AVAILABLE DATA:
=-=-=-=-=

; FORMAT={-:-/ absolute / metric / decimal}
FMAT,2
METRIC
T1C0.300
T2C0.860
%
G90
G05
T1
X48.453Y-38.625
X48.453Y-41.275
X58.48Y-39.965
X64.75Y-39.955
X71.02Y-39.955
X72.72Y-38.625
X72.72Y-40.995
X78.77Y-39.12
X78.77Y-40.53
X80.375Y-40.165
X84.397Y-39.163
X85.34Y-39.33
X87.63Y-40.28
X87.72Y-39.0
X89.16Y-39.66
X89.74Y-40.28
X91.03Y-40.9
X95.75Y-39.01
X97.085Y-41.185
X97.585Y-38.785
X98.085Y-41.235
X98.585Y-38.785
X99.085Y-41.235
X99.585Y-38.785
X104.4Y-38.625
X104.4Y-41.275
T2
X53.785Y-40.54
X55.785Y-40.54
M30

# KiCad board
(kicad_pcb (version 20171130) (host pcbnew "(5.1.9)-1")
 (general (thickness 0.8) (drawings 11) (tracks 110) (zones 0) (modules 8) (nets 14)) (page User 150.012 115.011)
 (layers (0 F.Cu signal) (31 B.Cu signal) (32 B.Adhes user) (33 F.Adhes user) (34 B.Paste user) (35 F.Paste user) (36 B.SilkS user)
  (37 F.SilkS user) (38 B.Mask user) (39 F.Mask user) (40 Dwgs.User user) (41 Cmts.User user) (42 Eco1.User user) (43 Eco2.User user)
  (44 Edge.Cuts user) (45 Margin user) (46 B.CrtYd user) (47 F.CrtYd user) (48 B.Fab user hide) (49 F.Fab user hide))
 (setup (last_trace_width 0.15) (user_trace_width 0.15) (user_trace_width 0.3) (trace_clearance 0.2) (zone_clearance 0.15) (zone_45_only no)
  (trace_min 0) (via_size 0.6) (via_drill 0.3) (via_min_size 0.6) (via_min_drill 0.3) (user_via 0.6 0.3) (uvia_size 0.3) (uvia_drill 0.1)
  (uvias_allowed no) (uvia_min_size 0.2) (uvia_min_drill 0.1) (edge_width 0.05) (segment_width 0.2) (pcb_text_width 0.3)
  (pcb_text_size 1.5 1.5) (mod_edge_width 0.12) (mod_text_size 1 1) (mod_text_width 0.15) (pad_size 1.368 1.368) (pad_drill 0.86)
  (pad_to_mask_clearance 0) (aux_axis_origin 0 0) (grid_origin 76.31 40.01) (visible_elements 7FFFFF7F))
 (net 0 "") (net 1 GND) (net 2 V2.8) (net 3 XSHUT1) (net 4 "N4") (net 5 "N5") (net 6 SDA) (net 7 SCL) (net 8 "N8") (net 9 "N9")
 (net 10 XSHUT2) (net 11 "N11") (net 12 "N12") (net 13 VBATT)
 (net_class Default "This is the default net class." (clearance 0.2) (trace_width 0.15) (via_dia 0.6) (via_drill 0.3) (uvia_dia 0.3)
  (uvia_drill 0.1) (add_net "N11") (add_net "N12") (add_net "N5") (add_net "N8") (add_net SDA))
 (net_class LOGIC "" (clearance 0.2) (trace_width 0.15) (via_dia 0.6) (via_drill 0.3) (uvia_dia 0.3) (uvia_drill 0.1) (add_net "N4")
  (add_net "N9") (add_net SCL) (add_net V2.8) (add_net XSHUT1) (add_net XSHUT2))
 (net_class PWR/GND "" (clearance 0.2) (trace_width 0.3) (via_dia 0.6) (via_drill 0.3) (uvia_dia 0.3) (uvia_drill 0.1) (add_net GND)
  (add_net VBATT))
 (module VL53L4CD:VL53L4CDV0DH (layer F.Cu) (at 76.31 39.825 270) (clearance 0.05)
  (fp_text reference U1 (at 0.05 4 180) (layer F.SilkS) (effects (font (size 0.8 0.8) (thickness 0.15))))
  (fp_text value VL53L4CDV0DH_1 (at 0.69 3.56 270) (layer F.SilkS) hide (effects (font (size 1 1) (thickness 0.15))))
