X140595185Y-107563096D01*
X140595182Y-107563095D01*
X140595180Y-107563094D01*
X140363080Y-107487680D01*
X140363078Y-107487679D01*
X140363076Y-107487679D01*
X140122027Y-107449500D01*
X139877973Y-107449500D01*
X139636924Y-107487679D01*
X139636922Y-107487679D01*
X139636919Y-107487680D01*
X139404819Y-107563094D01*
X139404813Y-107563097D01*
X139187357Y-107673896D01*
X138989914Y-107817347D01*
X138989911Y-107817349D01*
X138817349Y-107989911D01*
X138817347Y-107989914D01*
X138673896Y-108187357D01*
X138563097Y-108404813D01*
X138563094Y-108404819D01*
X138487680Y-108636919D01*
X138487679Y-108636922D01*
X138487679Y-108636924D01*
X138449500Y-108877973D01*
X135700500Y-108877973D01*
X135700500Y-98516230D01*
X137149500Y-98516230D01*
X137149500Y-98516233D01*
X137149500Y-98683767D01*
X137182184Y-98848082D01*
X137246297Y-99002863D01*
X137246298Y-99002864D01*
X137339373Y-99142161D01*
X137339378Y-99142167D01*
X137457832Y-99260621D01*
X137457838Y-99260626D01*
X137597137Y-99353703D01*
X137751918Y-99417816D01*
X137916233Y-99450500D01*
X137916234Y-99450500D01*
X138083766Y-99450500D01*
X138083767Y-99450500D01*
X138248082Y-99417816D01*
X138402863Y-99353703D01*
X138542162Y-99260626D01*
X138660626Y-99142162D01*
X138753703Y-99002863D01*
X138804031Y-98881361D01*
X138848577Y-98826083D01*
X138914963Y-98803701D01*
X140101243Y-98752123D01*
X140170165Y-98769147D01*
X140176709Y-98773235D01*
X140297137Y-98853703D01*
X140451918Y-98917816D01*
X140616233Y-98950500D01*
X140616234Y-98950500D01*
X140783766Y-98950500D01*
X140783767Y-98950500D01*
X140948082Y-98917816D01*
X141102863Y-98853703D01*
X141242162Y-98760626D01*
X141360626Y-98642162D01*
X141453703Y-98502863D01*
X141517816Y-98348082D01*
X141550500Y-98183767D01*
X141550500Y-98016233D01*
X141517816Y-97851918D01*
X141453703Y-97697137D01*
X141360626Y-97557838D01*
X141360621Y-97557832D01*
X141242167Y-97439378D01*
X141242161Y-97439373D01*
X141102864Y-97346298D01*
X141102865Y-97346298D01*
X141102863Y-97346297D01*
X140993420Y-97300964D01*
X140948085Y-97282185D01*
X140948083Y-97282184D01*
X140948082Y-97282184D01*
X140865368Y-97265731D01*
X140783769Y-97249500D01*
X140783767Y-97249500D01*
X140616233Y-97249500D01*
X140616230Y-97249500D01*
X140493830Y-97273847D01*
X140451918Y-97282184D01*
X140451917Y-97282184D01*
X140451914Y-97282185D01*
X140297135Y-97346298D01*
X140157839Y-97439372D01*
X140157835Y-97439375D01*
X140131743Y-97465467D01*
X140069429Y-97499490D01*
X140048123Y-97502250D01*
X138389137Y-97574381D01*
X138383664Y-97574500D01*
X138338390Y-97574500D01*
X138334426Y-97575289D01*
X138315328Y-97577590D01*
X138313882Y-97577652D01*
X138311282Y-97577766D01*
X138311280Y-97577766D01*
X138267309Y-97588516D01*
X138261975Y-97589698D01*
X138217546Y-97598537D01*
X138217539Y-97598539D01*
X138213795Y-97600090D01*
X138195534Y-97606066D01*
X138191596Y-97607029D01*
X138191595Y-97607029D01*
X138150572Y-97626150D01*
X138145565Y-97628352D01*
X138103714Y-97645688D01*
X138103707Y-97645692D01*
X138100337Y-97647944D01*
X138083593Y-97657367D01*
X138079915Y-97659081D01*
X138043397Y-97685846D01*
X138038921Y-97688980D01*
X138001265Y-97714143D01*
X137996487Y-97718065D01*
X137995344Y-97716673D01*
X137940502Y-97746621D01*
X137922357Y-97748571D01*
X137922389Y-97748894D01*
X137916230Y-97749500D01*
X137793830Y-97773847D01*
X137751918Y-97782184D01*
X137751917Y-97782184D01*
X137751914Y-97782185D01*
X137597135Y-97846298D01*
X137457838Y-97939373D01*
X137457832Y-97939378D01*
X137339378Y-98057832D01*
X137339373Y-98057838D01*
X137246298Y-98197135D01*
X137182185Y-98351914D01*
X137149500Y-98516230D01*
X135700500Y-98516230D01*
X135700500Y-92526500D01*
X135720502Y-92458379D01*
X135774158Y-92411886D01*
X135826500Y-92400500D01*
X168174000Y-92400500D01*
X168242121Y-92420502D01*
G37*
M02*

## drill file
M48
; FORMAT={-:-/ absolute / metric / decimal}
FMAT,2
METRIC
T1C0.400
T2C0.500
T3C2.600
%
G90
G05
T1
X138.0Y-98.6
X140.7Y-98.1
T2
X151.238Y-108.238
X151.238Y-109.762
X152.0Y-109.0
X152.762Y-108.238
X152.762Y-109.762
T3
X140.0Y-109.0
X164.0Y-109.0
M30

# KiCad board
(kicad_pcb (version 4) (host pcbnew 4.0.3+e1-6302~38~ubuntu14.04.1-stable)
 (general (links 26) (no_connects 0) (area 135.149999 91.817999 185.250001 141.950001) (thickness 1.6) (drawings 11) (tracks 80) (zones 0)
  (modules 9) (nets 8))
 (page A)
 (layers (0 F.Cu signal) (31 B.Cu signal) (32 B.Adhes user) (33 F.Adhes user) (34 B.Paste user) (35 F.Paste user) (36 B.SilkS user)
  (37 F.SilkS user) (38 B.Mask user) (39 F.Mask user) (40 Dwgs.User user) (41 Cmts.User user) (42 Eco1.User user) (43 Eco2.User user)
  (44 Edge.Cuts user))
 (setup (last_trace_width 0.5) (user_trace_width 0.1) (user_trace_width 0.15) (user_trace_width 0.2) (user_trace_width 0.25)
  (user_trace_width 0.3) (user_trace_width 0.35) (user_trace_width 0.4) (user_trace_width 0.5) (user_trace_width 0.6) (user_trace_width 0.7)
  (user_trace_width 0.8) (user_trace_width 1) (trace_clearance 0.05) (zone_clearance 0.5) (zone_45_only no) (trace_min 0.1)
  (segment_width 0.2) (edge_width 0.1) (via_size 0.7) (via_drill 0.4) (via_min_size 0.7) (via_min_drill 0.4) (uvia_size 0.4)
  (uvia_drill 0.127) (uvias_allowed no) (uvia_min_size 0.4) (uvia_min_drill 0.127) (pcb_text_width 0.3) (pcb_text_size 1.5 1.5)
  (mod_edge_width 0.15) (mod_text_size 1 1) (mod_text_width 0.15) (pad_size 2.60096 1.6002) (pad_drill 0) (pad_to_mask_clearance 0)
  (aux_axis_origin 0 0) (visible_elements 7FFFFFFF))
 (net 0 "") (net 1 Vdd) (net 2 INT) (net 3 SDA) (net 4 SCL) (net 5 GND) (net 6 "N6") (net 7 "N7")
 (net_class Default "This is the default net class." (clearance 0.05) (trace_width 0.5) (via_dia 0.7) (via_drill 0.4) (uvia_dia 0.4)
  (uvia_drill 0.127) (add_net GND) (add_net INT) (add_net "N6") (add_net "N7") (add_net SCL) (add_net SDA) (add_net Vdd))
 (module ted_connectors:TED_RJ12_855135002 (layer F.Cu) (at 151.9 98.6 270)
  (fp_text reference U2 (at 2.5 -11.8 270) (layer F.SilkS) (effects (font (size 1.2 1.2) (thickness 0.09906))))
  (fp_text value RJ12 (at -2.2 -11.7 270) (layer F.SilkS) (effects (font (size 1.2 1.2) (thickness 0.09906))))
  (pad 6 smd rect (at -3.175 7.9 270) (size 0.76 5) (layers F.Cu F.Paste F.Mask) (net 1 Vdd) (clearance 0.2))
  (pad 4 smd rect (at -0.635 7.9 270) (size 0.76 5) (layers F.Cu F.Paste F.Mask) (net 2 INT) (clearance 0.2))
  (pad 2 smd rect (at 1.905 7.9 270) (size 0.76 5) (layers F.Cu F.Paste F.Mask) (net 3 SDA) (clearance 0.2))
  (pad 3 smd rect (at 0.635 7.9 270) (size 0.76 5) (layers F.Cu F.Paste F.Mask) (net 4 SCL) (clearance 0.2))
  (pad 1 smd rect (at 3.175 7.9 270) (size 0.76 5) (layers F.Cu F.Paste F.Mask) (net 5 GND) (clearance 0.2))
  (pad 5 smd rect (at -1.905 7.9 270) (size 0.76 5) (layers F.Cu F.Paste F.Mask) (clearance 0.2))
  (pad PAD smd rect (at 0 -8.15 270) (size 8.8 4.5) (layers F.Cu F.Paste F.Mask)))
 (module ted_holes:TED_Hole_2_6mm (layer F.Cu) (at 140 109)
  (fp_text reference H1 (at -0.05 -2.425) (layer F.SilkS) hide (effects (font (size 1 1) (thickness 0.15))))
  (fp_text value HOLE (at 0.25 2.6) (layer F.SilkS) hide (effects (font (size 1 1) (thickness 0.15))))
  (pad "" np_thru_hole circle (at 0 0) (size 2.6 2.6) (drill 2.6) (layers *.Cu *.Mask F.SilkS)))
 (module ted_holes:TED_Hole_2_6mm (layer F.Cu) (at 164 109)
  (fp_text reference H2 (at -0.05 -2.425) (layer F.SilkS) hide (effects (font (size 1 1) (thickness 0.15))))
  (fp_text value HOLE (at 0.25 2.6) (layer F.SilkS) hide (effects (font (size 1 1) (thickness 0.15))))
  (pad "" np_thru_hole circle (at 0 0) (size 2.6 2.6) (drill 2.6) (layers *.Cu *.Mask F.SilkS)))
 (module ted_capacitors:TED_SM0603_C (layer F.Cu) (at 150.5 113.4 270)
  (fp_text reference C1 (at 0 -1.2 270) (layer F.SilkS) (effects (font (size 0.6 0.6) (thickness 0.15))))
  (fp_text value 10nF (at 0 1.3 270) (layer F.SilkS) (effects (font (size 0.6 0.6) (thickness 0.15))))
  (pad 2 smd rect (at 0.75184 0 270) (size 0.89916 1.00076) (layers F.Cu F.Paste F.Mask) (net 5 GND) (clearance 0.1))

=-=-=-=-=

WORK INSTRUCTIONS:
List every line above that contains the word "modules".

FINISHED TASK:
 (general (thickness 0.8) (drawings 11) (tracks 110) (zones 0) (modules 8) (nets 14)) (page User 150.012 115.011)
  (modules 9) (nets 8))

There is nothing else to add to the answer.